### MATERIALS PROVIDED

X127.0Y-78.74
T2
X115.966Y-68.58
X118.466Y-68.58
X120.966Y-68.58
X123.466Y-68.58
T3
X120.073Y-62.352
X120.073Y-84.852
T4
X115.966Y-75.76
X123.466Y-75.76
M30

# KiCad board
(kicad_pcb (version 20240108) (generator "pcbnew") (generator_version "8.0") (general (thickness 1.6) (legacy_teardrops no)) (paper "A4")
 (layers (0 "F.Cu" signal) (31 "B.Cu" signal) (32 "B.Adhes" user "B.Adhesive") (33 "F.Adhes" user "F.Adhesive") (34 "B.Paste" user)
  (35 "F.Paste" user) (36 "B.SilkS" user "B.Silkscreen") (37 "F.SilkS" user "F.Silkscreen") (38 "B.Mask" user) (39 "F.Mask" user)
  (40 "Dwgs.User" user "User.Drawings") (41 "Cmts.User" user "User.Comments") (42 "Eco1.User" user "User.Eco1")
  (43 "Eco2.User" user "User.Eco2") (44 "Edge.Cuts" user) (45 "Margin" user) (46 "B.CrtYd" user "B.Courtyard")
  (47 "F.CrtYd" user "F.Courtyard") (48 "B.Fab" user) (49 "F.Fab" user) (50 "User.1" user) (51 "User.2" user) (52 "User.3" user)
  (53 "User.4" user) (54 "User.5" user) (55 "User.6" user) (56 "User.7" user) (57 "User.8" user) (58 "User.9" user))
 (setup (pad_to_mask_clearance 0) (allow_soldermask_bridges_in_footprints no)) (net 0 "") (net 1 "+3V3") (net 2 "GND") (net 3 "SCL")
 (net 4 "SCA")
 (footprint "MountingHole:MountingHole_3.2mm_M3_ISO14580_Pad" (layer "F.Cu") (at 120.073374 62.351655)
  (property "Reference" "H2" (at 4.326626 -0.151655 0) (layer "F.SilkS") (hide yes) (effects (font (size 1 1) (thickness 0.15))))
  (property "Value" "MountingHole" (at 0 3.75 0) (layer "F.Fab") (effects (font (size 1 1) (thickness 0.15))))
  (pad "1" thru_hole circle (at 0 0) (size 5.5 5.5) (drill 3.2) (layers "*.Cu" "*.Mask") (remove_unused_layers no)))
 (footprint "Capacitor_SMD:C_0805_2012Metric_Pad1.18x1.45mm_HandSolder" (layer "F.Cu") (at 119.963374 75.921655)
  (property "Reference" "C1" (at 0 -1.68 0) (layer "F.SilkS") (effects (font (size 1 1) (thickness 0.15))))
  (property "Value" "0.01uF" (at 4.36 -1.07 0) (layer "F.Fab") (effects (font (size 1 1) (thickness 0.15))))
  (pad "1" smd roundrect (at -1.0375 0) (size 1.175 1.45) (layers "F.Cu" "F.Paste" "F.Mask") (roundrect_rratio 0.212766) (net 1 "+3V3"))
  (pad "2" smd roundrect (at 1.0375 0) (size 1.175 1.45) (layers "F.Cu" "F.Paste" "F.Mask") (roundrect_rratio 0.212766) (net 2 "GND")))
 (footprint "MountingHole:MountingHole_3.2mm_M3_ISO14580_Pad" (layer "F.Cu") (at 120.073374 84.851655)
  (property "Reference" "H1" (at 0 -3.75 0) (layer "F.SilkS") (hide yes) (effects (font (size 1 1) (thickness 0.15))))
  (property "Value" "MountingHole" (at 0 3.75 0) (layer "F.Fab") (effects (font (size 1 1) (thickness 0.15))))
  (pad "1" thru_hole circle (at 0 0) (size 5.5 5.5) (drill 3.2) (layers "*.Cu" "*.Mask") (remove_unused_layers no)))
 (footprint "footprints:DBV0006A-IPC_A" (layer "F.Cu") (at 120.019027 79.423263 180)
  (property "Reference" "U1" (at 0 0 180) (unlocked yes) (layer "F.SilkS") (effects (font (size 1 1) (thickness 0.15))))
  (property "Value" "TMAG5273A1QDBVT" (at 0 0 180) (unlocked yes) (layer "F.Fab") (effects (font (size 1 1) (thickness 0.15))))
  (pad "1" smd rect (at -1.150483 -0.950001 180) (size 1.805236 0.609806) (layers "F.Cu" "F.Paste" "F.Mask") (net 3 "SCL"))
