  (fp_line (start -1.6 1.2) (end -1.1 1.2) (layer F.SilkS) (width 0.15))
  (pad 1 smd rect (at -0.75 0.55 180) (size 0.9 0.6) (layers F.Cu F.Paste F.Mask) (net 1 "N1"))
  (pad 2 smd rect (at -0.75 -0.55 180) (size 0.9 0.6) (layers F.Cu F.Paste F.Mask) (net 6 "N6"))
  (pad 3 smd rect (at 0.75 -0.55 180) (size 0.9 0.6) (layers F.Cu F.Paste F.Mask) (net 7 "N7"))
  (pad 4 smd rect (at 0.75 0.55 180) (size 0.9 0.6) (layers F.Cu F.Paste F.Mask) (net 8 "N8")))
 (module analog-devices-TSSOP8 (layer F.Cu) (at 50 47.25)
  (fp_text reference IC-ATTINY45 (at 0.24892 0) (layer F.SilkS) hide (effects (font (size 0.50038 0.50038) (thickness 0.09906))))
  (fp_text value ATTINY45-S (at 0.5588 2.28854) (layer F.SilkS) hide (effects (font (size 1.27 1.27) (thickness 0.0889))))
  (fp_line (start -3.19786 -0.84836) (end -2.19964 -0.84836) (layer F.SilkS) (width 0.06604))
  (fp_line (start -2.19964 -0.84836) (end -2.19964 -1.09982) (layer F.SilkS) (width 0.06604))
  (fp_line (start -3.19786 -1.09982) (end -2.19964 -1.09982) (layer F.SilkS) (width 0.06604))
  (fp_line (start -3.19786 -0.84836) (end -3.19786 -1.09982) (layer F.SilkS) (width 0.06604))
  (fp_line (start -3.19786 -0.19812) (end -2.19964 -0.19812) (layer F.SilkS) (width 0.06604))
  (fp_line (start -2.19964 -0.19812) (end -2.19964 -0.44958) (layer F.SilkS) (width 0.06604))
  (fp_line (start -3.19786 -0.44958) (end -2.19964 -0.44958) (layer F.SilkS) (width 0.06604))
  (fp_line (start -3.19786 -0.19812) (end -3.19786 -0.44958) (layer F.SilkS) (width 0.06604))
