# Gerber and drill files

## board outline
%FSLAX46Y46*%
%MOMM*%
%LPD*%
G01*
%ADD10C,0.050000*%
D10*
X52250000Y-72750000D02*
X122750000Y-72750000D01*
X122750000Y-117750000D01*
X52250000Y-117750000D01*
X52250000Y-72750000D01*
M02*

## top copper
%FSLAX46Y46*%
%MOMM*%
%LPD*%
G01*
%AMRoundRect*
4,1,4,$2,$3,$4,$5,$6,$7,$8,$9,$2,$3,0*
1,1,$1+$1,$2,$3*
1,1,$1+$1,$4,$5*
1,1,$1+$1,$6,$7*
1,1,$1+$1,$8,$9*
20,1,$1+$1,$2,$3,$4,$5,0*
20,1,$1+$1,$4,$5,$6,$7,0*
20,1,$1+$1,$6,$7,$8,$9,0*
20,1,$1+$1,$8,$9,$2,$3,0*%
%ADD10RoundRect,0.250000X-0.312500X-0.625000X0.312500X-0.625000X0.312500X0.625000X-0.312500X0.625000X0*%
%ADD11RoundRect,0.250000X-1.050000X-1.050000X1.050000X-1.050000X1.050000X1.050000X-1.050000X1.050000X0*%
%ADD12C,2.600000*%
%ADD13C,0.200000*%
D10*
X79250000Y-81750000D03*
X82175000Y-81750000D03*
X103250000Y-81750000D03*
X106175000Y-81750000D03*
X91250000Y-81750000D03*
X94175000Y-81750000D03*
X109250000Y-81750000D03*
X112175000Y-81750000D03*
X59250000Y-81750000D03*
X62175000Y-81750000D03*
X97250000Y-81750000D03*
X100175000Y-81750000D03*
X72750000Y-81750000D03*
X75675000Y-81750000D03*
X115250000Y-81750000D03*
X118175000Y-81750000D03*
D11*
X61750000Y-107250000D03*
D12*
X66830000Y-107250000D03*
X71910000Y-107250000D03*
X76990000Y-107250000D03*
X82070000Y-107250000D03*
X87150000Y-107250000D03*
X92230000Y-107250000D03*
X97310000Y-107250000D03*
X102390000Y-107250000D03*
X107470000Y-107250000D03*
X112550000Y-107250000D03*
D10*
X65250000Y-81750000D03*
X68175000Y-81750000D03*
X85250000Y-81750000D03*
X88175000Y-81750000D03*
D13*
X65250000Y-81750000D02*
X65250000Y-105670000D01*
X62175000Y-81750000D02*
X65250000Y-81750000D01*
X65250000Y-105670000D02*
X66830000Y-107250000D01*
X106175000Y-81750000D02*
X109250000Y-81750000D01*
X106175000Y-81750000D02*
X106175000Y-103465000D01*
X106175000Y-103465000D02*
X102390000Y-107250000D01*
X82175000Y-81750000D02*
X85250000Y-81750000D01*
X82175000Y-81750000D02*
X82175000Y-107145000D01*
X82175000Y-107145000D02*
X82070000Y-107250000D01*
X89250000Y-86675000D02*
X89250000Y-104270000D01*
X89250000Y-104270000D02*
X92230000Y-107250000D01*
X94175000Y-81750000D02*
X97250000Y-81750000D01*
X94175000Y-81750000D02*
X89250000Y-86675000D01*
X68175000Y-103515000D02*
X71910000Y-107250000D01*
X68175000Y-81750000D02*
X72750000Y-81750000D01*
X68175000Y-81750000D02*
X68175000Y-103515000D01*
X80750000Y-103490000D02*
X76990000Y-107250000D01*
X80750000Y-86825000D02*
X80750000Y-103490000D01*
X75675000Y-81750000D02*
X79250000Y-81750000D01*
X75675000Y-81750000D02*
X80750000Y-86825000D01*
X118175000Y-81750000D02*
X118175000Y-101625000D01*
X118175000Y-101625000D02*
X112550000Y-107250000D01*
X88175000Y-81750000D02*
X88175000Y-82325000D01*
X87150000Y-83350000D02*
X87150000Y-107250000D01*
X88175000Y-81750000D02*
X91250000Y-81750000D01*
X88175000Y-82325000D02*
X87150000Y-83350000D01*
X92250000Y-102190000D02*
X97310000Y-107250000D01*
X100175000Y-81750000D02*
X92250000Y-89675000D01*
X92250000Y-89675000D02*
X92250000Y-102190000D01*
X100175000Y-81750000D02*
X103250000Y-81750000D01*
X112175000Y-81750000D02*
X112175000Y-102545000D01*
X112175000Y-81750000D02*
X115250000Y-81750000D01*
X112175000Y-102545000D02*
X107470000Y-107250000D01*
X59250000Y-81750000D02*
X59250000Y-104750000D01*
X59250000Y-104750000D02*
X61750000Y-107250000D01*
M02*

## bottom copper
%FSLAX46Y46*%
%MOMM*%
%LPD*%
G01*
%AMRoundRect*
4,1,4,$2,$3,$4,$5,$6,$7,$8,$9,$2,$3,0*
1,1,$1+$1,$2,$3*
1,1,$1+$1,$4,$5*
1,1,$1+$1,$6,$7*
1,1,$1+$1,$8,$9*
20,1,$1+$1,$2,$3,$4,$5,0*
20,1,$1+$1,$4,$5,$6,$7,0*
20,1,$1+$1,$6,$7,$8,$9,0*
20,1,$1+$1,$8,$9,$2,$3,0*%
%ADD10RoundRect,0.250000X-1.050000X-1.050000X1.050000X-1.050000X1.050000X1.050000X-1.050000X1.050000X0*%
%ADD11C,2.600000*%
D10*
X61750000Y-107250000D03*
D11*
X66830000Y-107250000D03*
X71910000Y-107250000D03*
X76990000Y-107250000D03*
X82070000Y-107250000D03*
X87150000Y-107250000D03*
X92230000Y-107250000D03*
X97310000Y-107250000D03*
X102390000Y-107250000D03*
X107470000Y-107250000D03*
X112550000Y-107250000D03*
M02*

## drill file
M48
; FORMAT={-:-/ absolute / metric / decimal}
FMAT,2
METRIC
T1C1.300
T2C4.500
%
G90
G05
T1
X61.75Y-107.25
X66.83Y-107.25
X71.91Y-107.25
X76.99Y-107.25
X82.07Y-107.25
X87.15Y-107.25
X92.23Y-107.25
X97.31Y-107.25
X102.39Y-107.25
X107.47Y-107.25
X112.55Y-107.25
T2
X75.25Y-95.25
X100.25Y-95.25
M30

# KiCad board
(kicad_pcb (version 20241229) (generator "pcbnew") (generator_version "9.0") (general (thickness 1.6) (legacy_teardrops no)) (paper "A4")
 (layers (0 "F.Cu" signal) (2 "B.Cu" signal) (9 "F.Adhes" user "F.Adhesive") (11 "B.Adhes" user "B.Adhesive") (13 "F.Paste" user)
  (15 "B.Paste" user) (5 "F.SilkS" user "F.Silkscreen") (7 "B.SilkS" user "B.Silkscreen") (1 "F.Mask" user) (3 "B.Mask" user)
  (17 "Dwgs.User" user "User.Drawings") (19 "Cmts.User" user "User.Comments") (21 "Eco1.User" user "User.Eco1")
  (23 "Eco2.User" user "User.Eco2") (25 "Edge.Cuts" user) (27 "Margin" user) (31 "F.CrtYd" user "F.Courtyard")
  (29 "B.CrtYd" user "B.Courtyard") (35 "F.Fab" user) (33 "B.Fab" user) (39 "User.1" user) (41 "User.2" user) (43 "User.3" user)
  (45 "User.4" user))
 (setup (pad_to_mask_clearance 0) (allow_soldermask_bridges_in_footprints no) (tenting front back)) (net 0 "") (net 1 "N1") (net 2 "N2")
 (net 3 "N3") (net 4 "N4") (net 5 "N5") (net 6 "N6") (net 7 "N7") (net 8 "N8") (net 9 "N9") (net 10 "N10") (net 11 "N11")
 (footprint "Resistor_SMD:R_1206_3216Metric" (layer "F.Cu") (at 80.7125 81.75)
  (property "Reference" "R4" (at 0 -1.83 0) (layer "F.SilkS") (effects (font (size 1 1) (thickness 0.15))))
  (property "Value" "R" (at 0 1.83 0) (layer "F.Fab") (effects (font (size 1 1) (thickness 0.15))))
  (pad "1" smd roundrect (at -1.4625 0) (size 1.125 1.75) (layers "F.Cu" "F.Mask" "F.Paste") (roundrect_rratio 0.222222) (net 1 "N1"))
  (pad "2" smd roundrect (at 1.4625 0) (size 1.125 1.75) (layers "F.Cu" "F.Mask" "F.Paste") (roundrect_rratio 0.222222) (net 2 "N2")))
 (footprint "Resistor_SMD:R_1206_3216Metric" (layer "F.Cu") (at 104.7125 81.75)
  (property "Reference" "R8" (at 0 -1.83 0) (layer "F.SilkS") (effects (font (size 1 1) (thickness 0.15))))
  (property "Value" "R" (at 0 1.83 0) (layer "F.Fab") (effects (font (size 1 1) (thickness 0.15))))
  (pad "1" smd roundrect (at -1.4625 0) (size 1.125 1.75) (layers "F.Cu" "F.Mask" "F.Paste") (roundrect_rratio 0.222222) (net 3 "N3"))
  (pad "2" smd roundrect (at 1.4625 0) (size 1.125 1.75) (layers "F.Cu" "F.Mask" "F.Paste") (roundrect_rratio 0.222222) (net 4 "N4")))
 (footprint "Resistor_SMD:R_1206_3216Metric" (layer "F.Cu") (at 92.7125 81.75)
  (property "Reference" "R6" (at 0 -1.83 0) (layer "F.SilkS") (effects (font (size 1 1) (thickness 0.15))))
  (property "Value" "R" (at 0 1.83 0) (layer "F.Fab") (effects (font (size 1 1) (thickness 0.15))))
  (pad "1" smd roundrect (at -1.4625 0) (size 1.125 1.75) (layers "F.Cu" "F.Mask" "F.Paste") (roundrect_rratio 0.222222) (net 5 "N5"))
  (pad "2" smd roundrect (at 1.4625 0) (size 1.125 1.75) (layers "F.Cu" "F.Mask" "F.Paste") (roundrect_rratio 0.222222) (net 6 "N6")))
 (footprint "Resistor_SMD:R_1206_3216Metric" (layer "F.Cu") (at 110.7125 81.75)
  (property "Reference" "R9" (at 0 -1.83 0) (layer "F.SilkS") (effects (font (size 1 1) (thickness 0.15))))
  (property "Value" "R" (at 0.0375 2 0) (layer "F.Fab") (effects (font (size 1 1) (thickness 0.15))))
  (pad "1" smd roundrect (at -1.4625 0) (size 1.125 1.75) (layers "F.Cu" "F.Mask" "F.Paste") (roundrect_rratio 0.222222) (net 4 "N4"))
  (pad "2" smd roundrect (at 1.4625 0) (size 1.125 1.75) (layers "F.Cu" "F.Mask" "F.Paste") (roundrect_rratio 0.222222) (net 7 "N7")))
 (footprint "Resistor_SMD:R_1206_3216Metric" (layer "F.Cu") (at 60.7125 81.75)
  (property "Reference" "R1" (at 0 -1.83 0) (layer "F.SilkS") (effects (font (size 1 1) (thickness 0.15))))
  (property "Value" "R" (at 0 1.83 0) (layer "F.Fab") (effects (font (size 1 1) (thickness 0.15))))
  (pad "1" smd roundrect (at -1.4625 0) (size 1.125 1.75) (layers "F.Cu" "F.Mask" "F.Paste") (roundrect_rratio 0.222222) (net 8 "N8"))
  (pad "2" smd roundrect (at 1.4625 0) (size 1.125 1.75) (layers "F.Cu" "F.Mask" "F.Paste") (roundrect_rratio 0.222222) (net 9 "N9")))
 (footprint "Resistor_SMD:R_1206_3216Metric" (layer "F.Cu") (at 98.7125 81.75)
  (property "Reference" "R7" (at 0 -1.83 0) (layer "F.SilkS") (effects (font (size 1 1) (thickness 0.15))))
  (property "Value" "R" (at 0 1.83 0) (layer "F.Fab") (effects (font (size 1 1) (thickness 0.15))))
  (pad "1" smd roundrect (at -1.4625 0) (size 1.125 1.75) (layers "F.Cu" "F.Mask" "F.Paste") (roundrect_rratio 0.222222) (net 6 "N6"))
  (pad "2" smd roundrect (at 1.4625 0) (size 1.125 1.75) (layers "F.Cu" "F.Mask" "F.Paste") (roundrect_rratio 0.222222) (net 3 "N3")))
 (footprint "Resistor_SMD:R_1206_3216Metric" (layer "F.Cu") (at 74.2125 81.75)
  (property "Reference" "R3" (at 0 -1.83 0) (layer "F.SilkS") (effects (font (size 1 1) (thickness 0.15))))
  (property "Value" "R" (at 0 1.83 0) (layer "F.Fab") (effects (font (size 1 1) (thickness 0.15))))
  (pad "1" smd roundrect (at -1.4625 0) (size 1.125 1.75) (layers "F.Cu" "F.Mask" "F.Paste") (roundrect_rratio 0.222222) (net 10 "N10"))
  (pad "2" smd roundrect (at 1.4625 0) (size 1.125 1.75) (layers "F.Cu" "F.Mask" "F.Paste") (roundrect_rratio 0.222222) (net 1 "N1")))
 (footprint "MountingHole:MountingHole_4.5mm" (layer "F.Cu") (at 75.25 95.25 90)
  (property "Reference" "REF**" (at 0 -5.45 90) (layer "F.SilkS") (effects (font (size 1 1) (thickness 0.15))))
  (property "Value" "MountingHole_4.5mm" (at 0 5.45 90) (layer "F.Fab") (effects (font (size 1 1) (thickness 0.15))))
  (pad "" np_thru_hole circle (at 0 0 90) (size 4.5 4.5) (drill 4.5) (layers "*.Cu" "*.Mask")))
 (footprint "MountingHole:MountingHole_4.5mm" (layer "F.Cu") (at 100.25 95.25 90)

### WHAT TO DO
From the material above, copy every line where the word "paper" is found.

### YOUR RESPONSE
(kicad_pcb (version 20240108) (generator "pcbnew") (generator_version "8.0") (general (thickness 1.6) (legacy_teardrops no)) (paper "A4")
(kicad_pcb (version 20241229) (generator "pcbnew") (generator_version "9.0") (general (thickness 1.6) (legacy_teardrops no)) (paper "A4")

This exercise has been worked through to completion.